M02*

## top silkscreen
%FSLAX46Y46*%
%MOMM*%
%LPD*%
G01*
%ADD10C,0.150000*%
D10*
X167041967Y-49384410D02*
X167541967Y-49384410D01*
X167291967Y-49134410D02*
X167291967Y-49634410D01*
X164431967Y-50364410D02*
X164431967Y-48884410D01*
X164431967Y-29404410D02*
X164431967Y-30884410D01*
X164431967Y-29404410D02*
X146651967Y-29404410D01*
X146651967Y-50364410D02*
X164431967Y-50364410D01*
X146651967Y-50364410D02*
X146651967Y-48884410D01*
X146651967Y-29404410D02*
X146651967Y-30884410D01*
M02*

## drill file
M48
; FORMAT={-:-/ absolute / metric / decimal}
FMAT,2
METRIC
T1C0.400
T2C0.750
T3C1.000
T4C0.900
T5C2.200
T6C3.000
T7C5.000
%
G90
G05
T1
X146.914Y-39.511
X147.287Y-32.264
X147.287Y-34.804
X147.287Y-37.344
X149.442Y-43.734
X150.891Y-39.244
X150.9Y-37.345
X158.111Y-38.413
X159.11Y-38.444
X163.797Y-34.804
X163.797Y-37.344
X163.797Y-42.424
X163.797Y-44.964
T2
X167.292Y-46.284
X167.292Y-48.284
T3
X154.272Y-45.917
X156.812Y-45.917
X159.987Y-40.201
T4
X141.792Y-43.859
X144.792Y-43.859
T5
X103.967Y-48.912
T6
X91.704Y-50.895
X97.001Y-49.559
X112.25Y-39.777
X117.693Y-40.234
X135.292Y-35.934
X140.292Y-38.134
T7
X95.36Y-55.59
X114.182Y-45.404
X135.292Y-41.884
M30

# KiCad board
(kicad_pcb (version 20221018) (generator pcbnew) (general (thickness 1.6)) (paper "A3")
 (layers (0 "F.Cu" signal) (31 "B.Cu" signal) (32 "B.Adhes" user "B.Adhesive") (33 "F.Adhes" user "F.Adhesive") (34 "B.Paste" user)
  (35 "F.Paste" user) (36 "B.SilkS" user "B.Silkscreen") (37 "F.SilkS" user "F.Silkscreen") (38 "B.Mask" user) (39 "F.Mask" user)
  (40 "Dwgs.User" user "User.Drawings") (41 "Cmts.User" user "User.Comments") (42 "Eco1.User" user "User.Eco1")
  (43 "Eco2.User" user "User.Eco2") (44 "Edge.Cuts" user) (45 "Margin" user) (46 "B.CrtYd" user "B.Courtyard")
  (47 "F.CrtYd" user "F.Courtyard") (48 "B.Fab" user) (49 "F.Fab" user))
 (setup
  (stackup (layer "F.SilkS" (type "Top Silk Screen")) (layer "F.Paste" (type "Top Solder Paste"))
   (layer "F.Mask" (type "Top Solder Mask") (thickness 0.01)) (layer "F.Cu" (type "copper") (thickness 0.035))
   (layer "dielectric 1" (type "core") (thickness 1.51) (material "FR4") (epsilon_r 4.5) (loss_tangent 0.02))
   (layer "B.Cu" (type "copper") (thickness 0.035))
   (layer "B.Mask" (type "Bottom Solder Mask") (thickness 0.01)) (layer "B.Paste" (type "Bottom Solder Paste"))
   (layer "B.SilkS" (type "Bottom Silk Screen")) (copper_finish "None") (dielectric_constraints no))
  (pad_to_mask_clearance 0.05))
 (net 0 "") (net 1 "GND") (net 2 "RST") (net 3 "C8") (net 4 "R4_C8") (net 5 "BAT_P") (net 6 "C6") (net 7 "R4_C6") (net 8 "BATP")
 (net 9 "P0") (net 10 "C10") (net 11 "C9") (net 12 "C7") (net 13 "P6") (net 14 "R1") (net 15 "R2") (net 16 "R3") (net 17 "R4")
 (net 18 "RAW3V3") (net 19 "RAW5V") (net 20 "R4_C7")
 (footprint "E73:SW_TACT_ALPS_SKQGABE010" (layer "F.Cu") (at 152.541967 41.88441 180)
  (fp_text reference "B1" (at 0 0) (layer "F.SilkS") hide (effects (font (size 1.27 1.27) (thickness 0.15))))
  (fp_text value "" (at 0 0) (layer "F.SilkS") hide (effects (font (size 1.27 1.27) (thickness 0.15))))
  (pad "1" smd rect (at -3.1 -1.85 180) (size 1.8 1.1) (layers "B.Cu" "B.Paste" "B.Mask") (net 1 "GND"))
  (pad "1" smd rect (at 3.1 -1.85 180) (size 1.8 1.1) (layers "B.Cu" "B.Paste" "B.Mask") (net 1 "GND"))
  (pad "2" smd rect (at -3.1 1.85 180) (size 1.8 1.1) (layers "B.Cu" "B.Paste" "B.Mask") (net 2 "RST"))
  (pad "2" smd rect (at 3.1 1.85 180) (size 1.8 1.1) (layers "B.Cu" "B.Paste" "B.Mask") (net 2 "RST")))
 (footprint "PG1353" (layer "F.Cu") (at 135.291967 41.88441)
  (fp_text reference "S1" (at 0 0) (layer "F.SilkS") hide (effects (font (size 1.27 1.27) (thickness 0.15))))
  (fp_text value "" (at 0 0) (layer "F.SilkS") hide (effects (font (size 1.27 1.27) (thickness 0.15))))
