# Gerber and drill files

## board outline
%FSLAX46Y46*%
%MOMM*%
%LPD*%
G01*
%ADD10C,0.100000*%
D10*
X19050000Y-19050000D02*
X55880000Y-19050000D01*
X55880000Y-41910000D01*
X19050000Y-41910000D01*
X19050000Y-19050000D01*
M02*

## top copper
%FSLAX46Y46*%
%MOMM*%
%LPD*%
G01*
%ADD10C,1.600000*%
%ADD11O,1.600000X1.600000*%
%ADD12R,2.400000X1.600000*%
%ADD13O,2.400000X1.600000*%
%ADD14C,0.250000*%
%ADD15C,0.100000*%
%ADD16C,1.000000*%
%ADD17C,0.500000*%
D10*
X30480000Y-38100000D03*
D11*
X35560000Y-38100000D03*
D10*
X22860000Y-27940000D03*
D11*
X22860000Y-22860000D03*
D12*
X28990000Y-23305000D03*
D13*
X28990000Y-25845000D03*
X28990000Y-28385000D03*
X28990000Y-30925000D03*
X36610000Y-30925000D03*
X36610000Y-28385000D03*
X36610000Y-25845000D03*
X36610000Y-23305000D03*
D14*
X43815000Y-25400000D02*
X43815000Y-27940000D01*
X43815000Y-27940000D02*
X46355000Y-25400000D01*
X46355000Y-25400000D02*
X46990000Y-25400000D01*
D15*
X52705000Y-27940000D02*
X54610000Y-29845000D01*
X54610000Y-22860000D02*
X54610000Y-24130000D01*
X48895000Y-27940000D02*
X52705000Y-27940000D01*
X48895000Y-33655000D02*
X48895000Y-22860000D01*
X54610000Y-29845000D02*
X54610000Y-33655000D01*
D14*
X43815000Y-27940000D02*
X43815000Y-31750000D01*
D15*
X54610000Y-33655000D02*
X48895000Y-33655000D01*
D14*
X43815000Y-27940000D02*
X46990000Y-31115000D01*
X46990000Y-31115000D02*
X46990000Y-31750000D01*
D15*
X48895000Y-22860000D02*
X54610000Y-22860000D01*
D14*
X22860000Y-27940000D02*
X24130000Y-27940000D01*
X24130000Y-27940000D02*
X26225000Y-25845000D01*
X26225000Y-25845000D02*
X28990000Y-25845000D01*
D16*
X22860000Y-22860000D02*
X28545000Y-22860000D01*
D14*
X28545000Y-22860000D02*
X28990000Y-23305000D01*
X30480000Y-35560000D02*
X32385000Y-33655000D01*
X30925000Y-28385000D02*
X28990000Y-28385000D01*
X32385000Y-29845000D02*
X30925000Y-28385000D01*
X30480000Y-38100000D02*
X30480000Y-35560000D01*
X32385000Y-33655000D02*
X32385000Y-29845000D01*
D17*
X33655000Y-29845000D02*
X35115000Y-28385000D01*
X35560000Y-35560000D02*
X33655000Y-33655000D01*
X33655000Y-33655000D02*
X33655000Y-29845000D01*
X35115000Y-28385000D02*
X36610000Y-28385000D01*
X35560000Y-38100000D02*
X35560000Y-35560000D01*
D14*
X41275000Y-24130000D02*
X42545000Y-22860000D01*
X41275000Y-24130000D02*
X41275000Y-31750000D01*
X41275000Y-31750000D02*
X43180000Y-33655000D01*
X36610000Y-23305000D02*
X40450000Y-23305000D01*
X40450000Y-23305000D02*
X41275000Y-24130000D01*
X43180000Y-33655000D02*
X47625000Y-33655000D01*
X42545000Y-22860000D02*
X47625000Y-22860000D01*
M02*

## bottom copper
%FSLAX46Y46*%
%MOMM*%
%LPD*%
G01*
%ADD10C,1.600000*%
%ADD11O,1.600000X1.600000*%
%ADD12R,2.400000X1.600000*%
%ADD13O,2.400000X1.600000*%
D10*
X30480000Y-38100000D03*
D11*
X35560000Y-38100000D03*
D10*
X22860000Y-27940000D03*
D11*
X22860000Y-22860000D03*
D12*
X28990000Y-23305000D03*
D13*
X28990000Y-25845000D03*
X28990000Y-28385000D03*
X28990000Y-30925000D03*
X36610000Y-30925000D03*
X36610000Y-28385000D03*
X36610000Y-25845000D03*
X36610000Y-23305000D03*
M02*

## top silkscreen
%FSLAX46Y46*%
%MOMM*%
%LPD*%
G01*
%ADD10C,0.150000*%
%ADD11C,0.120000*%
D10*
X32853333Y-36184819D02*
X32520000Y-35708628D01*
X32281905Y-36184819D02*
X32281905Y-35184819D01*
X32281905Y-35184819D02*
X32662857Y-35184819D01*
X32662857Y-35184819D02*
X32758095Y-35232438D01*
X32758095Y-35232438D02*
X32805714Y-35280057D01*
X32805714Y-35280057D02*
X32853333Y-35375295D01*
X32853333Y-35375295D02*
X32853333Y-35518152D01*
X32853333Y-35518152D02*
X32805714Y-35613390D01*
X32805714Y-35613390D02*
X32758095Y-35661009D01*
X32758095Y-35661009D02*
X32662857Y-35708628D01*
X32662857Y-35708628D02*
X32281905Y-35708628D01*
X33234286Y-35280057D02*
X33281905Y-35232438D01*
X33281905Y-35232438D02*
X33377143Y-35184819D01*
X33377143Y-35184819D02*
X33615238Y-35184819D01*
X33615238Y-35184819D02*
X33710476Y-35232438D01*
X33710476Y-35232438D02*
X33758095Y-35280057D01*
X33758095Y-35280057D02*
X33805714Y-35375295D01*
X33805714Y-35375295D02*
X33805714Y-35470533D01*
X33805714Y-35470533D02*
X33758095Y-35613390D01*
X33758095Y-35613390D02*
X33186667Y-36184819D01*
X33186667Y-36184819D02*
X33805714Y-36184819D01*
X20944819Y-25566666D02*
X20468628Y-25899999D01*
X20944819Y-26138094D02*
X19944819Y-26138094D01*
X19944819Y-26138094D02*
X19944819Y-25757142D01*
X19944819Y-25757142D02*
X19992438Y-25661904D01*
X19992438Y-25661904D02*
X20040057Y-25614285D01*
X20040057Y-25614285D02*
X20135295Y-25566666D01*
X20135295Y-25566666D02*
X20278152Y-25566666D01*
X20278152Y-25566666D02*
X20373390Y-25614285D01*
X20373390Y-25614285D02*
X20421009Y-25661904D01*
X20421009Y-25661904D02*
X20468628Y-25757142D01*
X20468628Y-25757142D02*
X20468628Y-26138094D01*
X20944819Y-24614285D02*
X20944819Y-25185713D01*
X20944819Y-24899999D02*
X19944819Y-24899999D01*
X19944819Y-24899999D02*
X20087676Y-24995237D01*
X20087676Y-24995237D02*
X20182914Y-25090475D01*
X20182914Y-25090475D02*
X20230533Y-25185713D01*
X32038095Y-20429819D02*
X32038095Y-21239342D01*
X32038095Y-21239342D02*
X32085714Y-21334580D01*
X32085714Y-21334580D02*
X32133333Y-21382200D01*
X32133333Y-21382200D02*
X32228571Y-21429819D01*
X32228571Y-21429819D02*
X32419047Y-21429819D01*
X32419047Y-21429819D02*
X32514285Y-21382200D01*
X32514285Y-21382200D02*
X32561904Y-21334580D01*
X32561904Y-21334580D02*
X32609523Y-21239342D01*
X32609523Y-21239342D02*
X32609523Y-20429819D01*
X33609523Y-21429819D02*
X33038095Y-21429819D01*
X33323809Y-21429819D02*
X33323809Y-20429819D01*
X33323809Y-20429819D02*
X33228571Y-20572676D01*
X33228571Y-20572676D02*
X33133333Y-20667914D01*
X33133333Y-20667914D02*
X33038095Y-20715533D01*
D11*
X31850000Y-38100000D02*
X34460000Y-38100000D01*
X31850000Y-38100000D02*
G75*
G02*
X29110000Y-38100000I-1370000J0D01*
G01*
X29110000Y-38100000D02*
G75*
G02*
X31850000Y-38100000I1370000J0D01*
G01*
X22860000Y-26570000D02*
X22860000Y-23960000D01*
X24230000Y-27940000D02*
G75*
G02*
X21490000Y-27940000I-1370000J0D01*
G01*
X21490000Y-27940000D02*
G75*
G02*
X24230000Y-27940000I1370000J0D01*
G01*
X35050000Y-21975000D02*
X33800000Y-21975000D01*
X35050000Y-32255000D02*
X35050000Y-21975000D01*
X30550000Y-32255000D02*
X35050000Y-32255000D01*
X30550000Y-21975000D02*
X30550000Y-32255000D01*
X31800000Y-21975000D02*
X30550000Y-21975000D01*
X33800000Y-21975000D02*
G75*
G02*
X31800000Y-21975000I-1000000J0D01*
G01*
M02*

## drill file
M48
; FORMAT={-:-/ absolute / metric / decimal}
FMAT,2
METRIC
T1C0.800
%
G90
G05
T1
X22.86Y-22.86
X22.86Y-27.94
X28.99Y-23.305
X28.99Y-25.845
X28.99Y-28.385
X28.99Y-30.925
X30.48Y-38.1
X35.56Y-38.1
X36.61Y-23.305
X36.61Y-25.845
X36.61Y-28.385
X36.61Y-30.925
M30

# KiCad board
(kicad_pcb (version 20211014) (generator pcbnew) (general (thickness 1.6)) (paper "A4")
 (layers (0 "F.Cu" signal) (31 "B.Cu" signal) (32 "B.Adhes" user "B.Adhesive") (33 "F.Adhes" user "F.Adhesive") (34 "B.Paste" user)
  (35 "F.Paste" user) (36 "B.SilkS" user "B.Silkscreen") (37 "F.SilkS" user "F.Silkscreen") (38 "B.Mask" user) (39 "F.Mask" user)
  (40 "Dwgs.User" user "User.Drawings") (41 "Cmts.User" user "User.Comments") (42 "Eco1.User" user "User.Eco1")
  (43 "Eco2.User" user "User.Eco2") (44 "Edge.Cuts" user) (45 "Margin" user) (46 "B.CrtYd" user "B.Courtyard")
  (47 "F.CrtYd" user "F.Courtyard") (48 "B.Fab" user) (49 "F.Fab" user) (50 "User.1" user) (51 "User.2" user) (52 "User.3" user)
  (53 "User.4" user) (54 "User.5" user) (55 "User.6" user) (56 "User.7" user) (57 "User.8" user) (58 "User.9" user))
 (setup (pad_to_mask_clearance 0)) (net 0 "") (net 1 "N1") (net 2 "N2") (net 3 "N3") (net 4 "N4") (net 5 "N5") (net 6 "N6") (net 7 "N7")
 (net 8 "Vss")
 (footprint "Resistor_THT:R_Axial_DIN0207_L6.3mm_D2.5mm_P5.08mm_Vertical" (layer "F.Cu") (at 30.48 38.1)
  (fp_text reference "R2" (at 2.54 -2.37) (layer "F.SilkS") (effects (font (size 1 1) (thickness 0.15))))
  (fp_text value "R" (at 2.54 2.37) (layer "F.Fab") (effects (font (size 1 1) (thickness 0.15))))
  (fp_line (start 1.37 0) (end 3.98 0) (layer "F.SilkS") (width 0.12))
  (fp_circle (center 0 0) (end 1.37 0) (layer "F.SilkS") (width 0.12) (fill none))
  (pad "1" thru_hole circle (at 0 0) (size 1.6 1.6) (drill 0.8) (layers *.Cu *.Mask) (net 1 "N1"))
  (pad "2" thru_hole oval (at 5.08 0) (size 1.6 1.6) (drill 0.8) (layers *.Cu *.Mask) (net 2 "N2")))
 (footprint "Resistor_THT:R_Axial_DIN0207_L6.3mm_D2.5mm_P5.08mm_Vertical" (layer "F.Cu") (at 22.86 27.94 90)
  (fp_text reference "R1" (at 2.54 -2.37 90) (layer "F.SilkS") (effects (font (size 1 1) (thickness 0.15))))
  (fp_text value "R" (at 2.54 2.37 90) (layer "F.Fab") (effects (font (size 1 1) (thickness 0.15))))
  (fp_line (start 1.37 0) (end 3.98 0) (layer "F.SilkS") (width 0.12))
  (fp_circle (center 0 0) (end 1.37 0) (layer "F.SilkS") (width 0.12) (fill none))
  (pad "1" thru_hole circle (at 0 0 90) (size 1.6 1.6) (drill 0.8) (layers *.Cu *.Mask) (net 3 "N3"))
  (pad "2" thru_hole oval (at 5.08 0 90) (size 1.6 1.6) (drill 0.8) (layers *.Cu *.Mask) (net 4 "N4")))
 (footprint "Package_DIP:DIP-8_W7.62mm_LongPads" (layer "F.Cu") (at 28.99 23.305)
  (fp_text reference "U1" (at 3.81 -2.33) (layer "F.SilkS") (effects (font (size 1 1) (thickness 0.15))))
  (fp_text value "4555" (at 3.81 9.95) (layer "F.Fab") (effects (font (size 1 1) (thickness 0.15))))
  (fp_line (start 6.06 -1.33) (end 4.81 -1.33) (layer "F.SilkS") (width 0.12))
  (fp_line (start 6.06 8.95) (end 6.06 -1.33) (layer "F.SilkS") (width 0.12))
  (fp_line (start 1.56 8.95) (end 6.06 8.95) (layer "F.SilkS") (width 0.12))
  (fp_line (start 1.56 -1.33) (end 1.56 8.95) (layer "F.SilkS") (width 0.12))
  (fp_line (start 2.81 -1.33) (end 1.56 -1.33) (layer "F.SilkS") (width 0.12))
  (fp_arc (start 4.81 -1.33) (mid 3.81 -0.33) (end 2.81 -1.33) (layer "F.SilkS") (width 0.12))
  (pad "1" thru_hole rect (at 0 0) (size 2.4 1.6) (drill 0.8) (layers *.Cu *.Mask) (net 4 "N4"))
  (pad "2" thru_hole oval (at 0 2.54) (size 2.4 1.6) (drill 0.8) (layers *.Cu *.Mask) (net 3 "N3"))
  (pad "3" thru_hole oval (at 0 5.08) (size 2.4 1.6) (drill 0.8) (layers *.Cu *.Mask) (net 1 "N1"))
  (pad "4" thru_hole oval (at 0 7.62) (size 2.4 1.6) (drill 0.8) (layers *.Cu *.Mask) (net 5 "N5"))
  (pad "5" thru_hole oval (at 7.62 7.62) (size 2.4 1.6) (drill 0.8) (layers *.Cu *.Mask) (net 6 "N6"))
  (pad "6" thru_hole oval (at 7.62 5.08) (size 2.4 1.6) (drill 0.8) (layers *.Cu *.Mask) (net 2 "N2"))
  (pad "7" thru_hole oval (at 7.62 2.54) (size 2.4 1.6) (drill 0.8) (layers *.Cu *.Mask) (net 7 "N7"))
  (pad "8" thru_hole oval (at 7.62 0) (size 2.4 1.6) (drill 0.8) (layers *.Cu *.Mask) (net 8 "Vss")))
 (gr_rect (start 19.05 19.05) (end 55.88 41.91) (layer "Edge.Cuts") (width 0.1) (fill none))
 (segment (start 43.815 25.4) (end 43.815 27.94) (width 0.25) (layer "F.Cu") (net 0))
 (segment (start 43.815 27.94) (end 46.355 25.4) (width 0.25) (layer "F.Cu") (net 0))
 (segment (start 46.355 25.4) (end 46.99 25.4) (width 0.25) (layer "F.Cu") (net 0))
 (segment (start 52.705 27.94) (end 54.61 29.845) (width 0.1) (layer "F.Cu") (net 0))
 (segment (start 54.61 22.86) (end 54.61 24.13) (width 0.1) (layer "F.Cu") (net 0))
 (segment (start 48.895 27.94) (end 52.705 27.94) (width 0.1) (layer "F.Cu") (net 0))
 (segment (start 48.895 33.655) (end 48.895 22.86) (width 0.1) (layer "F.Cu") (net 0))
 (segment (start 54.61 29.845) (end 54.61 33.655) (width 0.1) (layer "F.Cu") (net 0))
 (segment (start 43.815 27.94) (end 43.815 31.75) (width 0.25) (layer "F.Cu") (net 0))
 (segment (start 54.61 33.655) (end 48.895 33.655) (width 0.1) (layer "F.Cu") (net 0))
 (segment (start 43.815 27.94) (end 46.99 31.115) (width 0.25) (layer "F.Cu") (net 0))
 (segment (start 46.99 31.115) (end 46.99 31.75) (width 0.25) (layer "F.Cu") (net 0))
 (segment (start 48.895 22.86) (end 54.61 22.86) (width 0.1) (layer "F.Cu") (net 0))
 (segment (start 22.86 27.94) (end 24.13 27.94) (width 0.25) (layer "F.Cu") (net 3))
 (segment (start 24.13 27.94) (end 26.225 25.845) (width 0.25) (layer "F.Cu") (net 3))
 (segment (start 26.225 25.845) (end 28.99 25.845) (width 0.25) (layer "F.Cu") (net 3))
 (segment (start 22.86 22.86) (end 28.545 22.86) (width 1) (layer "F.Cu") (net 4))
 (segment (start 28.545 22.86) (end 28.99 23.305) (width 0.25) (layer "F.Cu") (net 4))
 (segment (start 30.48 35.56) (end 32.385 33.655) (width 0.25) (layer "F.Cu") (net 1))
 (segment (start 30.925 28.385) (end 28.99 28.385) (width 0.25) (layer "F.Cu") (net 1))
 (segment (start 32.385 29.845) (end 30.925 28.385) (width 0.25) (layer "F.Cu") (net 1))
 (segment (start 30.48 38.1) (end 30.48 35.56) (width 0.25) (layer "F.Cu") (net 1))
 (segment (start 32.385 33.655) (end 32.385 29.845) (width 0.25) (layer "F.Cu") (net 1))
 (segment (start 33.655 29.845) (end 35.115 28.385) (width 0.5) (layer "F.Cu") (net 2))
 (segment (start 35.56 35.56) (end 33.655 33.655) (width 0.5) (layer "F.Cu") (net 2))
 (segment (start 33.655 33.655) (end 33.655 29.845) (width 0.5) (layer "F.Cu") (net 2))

* * *

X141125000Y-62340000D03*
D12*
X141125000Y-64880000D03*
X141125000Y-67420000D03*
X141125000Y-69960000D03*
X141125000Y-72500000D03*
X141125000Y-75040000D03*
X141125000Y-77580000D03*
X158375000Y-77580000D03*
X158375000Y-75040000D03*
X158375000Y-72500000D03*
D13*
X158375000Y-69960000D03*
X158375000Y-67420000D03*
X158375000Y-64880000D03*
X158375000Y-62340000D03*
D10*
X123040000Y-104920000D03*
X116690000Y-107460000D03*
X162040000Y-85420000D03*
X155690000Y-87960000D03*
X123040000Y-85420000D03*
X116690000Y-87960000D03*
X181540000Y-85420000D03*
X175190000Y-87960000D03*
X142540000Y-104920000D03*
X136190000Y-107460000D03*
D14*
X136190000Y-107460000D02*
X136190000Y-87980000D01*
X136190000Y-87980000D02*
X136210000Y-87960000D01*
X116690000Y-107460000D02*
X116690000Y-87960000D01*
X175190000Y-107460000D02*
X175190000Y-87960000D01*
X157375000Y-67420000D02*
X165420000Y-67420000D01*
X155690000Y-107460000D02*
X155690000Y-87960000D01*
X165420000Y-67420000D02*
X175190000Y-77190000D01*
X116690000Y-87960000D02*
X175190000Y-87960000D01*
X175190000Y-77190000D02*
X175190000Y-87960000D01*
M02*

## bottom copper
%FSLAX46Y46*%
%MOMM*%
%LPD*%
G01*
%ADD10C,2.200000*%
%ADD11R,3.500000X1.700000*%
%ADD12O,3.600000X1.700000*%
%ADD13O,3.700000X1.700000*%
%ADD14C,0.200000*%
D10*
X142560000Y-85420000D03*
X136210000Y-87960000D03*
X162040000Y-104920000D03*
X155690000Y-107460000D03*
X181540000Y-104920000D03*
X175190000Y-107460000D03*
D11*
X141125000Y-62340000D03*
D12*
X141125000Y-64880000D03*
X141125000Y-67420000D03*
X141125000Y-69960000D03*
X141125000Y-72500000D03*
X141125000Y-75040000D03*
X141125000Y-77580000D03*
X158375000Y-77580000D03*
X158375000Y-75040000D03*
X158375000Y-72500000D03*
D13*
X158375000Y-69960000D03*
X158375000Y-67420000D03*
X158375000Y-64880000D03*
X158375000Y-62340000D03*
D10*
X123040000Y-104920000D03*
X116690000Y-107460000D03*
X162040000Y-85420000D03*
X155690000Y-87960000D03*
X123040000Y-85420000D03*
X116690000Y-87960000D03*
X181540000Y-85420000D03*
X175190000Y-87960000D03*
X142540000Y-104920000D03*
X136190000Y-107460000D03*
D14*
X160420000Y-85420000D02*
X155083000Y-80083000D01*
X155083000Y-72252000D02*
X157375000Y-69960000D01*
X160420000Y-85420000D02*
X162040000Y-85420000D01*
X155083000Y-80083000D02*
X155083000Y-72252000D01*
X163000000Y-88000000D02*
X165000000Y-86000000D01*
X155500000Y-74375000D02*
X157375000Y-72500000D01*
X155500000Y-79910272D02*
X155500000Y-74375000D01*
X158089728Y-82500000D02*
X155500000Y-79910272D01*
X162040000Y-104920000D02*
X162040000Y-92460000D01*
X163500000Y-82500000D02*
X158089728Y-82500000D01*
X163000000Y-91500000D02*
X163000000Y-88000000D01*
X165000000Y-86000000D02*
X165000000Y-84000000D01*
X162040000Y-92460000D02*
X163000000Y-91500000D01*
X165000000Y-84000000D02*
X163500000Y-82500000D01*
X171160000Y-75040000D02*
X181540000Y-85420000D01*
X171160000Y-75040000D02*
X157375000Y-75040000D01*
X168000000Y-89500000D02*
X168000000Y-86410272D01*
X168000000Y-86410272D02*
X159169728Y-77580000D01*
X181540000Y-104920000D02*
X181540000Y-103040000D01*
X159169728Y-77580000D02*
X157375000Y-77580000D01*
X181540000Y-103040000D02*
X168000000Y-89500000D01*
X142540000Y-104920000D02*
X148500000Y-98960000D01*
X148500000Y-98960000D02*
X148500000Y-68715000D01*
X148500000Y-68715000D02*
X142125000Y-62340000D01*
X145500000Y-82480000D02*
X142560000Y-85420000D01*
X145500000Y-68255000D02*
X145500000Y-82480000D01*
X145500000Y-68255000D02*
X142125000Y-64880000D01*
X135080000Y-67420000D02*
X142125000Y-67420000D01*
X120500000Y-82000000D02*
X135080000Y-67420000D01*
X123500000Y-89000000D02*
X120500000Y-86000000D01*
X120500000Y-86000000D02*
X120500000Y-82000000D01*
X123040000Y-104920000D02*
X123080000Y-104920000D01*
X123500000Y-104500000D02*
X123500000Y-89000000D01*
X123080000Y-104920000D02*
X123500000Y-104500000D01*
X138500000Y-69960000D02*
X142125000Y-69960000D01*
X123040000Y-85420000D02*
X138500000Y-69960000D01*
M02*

**ASSIGNED TASK:**
From the records above, retype only the lines starting at the line that contains "X165420000Y-67420000D02*" and ending at the line that contains "X148500000Y-68715000D01*", both included.

**REPLY:**
X165420000Y-67420000D02*
X175190000Y-77190000D01*
X116690000Y-87960000D02*
X175190000Y-87960000D01*
X175190000Y-77190000D02*
X175190000Y-87960000D01*
M02*

## bottom copper
%FSLAX46Y46*%
%MOMM*%
%LPD*%
G01*
%ADD10C,2.200000*%
%ADD11R,3.500000X1.700000*%
%ADD12O,3.600000X1.700000*%
%ADD13O,3.700000X1.700000*%
%ADD14C,0.200000*%
D10*
X142560000Y-85420000D03*
X136210000Y-87960000D03*
X162040000Y-104920000D03*
X155690000Y-107460000D03*
X181540000Y-104920000D03*
X175190000Y-107460000D03*
D11*
X141125000Y-62340000D03*
D12*
X141125000Y-64880000D03*
X141125000Y-67420000D03*
X141125000Y-69960000D03*
X141125000Y-72500000D03*
X141125000Y-75040000D03*
X141125000Y-77580000D03*
X158375000Y-77580000D03*
X158375000Y-75040000D03*
X158375000Y-72500000D03*
D13*
X158375000Y-69960000D03*
X158375000Y-67420000D03*
X158375000Y-64880000D03*
X158375000Y-62340000D03*
D10*
X123040000Y-104920000D03*
X116690000Y-107460000D03*
X162040000Y-85420000D03*
X155690000Y-87960000D03*
X123040000Y-85420000D03*
X116690000Y-87960000D03*
X181540000Y-85420000D03*
X175190000Y-87960000D03*
X142540000Y-104920000D03*
X136190000Y-107460000D03*
D14*
X160420000Y-85420000D02*
X155083000Y-80083000D01*
X155083000Y-72252000D02*
X157375000Y-69960000D01*
X160420000Y-85420000D02*
X162040000Y-85420000D01*
X155083000Y-80083000D02*
X155083000Y-72252000D01*
X163000000Y-88000000D02*
X165000000Y-86000000D01*
X155500000Y-74375000D02*
X157375000Y-72500000D01*
X155500000Y-79910272D02*
X155500000Y-74375000D01*
X158089728Y-82500000D02*
X155500000Y-79910272D01*
X162040000Y-104920000D02*
X162040000Y-92460000D01*
X163500000Y-82500000D02*
X158089728Y-82500000D01*
X163000000Y-91500000D02*
X163000000Y-88000000D01*
X165000000Y-86000000D02*
X165000000Y-84000000D01*
X162040000Y-92460000D02*
X163000000Y-91500000D01*
X165000000Y-84000000D02*
X163500000Y-82500000D01*
X171160000Y-75040000D02*
X181540000Y-85420000D01*
X171160000Y-75040000D02*
X157375000Y-75040000D01*
X168000000Y-89500000D02*
X168000000Y-86410272D01*
X168000000Y-86410272D02*
X159169728Y-77580000D01*
X181540000Y-104920000D02*
X181540000Y-103040000D01*
X159169728Y-77580000D02*
X157375000Y-77580000D01*
X181540000Y-103040000D02*
X168000000Y-89500000D01*
X142540000Y-104920000D02*
X148500000Y-98960000D01*
X148500000Y-98960000D02*
X148500000Y-68715000D01*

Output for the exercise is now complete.